## Description of the task:
Copy out, from the data, each line containing the string "CrtYd".
#### Excerpted data ####
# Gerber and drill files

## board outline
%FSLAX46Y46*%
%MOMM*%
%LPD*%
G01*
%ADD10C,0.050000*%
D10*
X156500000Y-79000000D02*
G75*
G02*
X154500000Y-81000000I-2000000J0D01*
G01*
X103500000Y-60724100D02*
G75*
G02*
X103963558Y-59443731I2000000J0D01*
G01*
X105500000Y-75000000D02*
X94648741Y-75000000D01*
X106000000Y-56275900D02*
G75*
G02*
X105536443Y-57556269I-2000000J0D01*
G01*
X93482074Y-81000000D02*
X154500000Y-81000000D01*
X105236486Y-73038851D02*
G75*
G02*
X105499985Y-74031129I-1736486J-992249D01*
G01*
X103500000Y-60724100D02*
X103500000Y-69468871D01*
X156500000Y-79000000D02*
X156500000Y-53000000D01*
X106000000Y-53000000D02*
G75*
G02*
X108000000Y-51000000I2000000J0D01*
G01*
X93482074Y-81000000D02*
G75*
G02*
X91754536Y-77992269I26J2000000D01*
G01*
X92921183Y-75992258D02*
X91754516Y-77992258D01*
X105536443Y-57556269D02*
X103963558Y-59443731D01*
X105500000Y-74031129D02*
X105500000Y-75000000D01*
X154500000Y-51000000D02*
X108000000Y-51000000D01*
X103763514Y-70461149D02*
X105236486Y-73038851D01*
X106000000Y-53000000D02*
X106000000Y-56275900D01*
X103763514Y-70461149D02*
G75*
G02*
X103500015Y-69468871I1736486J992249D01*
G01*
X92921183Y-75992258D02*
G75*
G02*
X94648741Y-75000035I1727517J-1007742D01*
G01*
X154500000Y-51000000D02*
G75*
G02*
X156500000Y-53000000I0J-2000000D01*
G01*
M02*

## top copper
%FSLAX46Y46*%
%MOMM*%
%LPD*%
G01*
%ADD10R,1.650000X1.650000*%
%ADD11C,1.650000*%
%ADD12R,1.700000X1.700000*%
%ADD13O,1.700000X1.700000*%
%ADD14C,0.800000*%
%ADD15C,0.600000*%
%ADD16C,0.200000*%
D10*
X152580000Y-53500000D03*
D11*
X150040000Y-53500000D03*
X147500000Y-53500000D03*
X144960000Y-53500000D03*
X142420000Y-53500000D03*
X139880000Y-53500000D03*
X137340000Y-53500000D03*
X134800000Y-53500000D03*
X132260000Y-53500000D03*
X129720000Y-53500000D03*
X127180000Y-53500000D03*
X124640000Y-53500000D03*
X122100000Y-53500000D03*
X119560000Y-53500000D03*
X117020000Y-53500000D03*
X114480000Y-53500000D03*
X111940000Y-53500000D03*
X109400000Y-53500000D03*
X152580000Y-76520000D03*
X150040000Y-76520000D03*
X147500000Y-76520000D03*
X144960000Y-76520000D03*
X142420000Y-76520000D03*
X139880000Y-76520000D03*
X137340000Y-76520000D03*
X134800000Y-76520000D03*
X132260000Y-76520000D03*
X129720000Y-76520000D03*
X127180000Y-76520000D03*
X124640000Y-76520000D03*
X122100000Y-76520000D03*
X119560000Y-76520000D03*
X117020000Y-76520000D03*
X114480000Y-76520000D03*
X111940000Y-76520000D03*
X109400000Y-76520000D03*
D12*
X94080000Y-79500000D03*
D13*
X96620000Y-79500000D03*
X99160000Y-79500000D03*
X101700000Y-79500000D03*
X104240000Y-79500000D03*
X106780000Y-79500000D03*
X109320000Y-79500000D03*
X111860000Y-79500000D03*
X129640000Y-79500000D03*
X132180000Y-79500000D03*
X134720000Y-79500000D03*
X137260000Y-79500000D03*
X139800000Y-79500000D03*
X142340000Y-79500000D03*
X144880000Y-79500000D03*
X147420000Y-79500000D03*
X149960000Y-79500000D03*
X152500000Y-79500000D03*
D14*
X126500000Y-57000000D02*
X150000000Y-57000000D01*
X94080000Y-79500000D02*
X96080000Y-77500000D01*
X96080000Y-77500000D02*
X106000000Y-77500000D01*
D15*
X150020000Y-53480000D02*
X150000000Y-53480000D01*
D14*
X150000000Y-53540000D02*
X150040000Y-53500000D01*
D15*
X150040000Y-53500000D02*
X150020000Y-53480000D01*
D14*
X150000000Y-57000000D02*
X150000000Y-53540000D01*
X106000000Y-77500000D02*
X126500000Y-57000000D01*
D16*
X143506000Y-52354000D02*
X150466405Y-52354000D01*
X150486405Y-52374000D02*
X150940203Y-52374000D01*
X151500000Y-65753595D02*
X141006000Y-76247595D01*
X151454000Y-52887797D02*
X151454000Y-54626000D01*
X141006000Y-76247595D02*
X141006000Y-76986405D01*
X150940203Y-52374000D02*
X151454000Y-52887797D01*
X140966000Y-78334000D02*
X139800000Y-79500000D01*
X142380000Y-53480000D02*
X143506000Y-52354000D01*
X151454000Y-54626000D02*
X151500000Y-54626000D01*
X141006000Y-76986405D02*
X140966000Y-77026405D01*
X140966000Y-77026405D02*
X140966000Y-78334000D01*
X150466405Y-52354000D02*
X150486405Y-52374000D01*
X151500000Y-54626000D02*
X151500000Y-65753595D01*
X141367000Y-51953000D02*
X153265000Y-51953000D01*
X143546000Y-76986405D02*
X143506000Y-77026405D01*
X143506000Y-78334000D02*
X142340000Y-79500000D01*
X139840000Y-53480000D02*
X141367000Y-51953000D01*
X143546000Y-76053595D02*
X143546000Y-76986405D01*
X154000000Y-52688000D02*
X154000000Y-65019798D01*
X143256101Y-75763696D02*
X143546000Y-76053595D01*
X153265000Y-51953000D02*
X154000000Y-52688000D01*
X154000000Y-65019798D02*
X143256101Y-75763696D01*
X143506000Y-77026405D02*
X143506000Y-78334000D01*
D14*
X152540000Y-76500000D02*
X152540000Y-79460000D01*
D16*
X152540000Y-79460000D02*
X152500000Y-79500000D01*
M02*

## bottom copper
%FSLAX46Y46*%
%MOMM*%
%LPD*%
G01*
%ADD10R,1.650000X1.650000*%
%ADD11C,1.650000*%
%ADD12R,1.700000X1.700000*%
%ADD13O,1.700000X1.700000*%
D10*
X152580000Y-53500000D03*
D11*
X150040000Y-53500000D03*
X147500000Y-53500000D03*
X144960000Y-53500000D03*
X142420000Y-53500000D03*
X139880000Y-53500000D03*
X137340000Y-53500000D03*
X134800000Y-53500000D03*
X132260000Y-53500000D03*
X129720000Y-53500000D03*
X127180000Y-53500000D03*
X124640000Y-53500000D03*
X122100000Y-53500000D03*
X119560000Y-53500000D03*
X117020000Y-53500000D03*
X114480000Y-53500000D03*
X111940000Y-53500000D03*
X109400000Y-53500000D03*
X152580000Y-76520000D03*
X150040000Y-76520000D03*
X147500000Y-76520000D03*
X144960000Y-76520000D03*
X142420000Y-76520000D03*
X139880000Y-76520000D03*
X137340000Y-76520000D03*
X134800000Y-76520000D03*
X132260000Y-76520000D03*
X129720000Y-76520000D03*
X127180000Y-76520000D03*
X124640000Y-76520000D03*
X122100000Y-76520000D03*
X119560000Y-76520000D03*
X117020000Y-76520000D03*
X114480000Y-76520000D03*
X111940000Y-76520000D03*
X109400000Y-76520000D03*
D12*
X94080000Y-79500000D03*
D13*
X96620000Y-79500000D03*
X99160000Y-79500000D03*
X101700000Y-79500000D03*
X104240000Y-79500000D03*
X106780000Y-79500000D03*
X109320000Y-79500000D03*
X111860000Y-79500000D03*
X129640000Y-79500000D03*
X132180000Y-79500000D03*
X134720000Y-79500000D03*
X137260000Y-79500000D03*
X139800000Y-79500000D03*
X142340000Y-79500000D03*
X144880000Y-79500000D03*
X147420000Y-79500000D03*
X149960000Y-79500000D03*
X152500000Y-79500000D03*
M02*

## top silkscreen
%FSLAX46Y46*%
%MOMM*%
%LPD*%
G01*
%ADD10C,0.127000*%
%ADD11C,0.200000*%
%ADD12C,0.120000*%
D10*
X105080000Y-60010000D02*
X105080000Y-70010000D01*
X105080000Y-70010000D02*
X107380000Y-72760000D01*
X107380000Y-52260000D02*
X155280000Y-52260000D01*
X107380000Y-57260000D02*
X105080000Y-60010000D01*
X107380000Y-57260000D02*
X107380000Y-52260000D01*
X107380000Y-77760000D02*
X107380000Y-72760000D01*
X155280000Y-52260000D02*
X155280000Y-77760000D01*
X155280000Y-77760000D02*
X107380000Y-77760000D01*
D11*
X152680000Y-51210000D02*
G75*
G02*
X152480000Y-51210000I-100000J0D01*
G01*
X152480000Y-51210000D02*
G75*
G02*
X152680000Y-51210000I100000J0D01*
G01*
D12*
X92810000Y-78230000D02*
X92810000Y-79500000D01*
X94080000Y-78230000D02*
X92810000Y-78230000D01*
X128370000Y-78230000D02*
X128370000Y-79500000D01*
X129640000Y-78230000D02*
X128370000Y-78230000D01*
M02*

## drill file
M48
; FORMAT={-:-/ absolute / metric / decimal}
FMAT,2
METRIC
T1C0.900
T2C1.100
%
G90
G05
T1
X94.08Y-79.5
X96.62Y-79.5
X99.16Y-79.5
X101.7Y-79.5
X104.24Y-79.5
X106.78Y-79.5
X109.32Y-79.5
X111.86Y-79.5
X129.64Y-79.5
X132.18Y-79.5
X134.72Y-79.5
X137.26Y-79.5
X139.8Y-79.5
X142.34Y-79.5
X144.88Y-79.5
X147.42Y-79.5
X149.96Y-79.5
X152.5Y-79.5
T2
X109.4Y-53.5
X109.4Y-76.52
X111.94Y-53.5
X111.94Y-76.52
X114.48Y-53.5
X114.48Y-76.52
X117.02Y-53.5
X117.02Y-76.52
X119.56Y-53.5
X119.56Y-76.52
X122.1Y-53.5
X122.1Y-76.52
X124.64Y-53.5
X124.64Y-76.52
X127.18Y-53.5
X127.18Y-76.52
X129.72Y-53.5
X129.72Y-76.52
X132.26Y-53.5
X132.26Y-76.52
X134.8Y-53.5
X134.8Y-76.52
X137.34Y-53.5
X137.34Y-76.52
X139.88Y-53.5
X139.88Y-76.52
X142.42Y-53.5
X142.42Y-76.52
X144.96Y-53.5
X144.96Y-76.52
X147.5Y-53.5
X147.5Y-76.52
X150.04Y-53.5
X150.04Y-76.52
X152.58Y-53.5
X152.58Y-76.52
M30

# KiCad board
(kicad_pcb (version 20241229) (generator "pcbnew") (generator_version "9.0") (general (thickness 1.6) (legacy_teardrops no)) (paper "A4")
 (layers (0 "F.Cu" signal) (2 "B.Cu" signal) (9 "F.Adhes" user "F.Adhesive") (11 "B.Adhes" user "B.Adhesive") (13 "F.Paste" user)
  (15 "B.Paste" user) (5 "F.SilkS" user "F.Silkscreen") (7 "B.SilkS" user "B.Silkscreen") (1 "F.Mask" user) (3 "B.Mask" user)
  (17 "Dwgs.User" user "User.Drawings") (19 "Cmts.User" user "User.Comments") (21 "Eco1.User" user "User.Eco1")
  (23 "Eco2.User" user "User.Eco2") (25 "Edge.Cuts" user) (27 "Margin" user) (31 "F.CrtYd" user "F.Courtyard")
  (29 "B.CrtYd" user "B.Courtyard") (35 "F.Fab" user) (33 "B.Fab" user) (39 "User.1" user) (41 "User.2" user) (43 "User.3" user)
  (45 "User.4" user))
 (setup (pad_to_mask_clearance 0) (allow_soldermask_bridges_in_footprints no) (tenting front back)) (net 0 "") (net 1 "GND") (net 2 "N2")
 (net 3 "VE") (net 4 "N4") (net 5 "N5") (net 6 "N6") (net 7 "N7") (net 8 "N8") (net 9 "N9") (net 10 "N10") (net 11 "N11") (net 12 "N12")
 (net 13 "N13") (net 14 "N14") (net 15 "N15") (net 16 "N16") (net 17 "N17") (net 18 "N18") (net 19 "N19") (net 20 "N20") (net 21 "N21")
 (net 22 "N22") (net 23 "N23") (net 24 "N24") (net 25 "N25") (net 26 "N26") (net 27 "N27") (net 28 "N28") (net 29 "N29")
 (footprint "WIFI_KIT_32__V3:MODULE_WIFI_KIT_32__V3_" (layer "F.Cu") (at 130.18 65.01 -90)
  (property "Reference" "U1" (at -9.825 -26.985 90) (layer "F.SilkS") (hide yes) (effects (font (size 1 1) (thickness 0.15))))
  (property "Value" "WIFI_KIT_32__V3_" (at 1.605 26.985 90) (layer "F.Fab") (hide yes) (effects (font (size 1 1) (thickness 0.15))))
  (fp_line (start -5 25.1) (end 5 25.1) (stroke (width 0.127) (type solid)) (layer "F.SilkS"))
  (fp_line (start 5 25.1) (end 7.75 22.8) (stroke (width 0.127) (type solid)) (layer "F.SilkS"))
  (fp_line (start -12.75 22.8) (end -12.75 -25.1) (stroke (width 0.127) (type solid)) (layer "F.SilkS"))
  (fp_line (start -7.75 22.8) (end -5 25.1) (stroke (width 0.127) (type solid)) (layer "F.SilkS"))
  (fp_line (start -7.75 22.8) (end -12.75 22.8) (stroke (width 0.127) (type solid)) (layer "F.SilkS"))
  (fp_line (start 12.75 22.8) (end 7.75 22.8) (stroke (width 0.127) (type solid)) (layer "F.SilkS"))
  (fp_line (start -12.75 -25.1) (end 12.75 -25.1) (stroke (width 0.127) (type solid)) (layer "F.SilkS"))
  (fp_line (start 12.75 -25.1) (end 12.75 22.8) (stroke (width 0.127) (type solid)) (layer "F.SilkS"))
  (fp_circle (center -13.8 -22.4) (end -13.7 -22.4) (stroke (width 0.2) (type solid)) (fill no) (layer "F.SilkS"))
  (pad "J2_1" thru_hole rect (at -11.51 -22.4 270) (size 1.65 1.65) (drill 1.1) (layers "*.Cu" "*.Mask") (remove_unused_layers no)
   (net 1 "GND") (solder_mask_margin 0.102))
  (pad "J2_2" thru_hole circle (at -11.51 -19.86 270) (size 1.65 1.65) (drill 1.1) (layers "*.Cu" "*.Mask") (remove_unused_layers no)
   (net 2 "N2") (solder_mask_margin 0.102))
  (pad "J2_3" thru_hole circle (at -11.51 -17.32 270) (size 1.65 1.65) (drill 1.1) (layers "*.Cu" "*.Mask") (remove_unused_layers no)
   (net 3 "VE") (solder_mask_margin 0.102))
  (pad "J2_4" thru_hole circle (at -11.51 -14.78 270) (size 1.65 1.65) (drill 1.1) (layers "*.Cu" "*.Mask") (remove_unused_layers no)
   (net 3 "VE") (solder_mask_margin 0.102))
  (pad "J2_5" thru_hole circle (at -11.51 -12.24 270) (size 1.65 1.65) (drill 1.1) (layers "*.Cu" "*.Mask") (remove_unused_layers no)
   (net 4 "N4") (solder_mask_margin 0.102))
  (pad "J2_6" thru_hole circle (at -11.51 -9.7 270) (size 1.65 1.65) (drill 1.1) (layers "*.Cu" "*.Mask") (remove_unused_layers no)
   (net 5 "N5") (solder_mask_margin 0.102))
  (pad "J2_7" thru_hole circle (at -11.51 -7.16 270) (size 1.65 1.65) (drill 1.1) (layers "*.Cu" "*.Mask") (remove_unused_layers no)
   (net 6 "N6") (solder_mask_margin 0.102))
  (pad "J2_8" thru_hole circle (at -11.51 -4.62 270) (size 1.65 1.65) (drill 1.1) (layers "*.Cu" "*.Mask") (remove_unused_layers no)
   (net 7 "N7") (solder_mask_margin 0.102))
  (pad "J2_9" thru_hole circle (at -11.51 -2.08 270) (size 1.65 1.65) (drill 1.1) (layers "*.Cu" "*.Mask") (remove_unused_layers no)
   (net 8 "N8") (solder_mask_margin 0.102))
  (pad "J2_10" thru_hole circle (at -11.51 0.46 270) (size 1.65 1.65) (drill 1.1) (layers "*.Cu" "*.Mask") (remove_unused_layers no)
   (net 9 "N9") (solder_mask_margin 0.102))
  (pad "J2_11" thru_hole circle (at -11.51 3 270) (size 1.65 1.65) (drill 1.1) (layers "*.Cu" "*.Mask") (remove_unused_layers no)
   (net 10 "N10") (solder_mask_margin 0.102))
  (pad "J2_12" thru_hole circle (at -11.51 5.54 270) (size 1.65 1.65) (drill 1.1) (layers "*.Cu" "*.Mask") (remove_unused_layers no)
   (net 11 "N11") (solder_mask_margin 0.102))
  (pad "J2_13" thru_hole circle (at -11.51 8.08 270) (size 1.65 1.65) (drill 1.1) (layers "*.Cu" "*.Mask") (remove_unused_layers no)
   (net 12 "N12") (solder_mask_margin 0.102))
  (pad "J2_14" thru_hole circle (at -11.51 10.62 270) (size 1.65 1.65) (drill 1.1) (layers "*.Cu" "*.Mask") (remove_unused_layers no)
   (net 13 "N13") (solder_mask_margin 0.102))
####
## Solution to this task:
  (23 "Eco2.User" user "User.Eco2") (25 "Edge.Cuts" user) (27 "Margin" user) (31 "F.CrtYd" user "F.Courtyard")
  (29 "B.CrtYd" user "B.Courtyard") (35 "F.Fab" user) (33 "B.Fab" user) (39 "User.1" user) (41 "User.2" user) (43 "User.3" user)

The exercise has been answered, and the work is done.